唾液涌到嘴边,毫无内力加持,就是一口水。
而且,连嘴都没出。
一把银色小刀,平平稳稳,横在她的唇瓣上。
刀刃冰凉,贴着她下唇的弧度,精准得分毫不差。
唐长生直起身子,拇指和食指捏着小刀的刀柄,脸上的神色淡得没有半分波澜。
“你真是淘气。”
杨雪衣的面孔僵住了。
所有的媚态在这一瞬间碎成了渣。
唐长生把小刀收回袖中,居高临下看着她。
“你这样的蒲柳之姿,入不了本王的眼。”
杨雪衣的牙根咬得咯吱响。
“本王心中只有一人。她叫苏沐橙,是这天下最美的女人。”
“省省吧。

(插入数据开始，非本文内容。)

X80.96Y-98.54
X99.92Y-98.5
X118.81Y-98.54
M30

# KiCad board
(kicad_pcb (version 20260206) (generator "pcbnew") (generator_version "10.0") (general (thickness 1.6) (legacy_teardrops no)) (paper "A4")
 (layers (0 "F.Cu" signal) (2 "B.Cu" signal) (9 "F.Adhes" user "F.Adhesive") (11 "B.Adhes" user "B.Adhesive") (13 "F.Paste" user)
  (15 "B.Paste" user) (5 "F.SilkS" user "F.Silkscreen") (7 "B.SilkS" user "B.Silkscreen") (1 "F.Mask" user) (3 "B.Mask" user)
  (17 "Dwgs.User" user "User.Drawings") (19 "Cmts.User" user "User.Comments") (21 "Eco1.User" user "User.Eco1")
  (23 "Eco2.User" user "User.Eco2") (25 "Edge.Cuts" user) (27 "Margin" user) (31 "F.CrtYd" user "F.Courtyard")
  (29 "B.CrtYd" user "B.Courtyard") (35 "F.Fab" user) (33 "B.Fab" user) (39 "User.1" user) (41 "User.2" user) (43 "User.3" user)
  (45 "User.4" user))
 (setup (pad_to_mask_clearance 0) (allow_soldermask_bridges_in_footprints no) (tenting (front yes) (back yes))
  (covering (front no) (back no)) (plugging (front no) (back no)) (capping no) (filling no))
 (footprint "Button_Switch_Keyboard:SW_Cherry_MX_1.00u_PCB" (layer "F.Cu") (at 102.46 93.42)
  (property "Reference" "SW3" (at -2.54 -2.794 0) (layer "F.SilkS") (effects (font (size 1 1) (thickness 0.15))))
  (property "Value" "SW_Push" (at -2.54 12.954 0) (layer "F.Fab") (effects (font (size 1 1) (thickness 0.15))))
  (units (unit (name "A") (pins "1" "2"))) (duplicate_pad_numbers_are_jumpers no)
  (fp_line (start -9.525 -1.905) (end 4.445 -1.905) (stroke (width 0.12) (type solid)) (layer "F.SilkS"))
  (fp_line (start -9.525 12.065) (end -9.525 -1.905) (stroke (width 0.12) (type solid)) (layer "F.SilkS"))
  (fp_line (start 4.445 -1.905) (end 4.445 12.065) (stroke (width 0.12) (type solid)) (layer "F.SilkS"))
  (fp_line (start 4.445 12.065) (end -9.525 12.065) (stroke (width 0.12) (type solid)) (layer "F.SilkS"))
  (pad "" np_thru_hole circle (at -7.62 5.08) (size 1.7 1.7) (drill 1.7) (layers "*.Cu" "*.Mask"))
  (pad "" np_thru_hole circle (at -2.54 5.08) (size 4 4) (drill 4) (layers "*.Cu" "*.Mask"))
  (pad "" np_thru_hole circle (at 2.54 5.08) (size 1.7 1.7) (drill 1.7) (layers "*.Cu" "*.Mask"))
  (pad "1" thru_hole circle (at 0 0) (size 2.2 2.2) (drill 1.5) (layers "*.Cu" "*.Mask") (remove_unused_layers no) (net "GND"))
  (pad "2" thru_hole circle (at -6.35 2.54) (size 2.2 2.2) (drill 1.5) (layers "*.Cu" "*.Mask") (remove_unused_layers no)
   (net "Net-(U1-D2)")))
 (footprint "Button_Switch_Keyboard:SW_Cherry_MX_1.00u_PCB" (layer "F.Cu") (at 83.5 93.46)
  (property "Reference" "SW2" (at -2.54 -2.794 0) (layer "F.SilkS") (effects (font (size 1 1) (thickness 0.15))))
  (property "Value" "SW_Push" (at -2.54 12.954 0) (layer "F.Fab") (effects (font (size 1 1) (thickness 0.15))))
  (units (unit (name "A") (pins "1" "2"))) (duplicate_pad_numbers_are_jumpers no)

”
苏沐橙端着药碗站在原地,脸颊上的红晕从耳根一直烧到了脖子。
翠微在旁边使劲戳她胳膊。
“小姐!小姐你听见了!”
苏沐橙的手指在药碗边沿抠了两下,嘴角抿着,怎么都压不住那个往上翘的弧度。
“听见了。”
丫头还在聒噪:“那他刚才在车里——”
“别说了。”苏沐橙端着药碗转身就走,步子比平时快了一倍,耳朵尖红得滴血。
马车另一侧。
苏凌薇靠在一棵松树上,手里的剑搁在膝盖上,嘴角勾了一下。
她站起来,拍了拍裙摆上的松针,翻身上马。
“走,回去。”
身后跟着的顾小山挠了挠头。
“苏姐姐,殿下还在那边……”
“王爷又不老实了。”苏凌薇催马走了两步,那句话飘在风里,听不出是夸还是损。
车厢内。
杨雪衣躺在原地,朱红痣衬着一张铁青的脸。
刚才那场暗杀失败得太干脆,她连善后的机会都没有。
“你奉皇帝之命来杀我?”
杨雪衣的喉咙动了一下。
这个问题来得太直接,没有试探,没有铺垫,就那么劈面砸过来。
她想了想。
“算是。”
“算是?”
“那除了杀我,你还有什么任务?”
杨雪衣盯着他看了三息,那双眼里的厉芒慢慢退去,换上了一种很复杂的东西。
她没答。
“聚贤殿有聚贤殿的规矩。”
她的嗓音恢复了最初的清冷,没了那股子矫揉造作的媚。
“不该说的话……”
她顿了一拍,嘴角往下撇了半分。
“说了就会死。”
唐长生,低头看着杨雪衣。宗师修为,浑身是伤,四肢尽折,刚刚试图暗杀他失败,现在告诉他——有些事说了会死。
老头的声音从马车外传过来。
“臭小子,问完了没有?”
唐长生没回头。
“师傅,聚贤殿的规矩——说了就死,是什么意思?”
老头沉默了两息。
那两息里,车厢内外的空气沉了一层。
然后老头开口了,嗓音里那股玩世不恭的劲儿第一次消失了。
“种在她脑子里的。”
唐长生转头。
老头歪在车辕上,浑浊的老眼头一回露出一丝冷意。
“聚贤殿每个出来的人,脑子里都埋着一枚禁制。说出不该说的……”
他的手指在太阳穴上点了一下。
“当场爆头。”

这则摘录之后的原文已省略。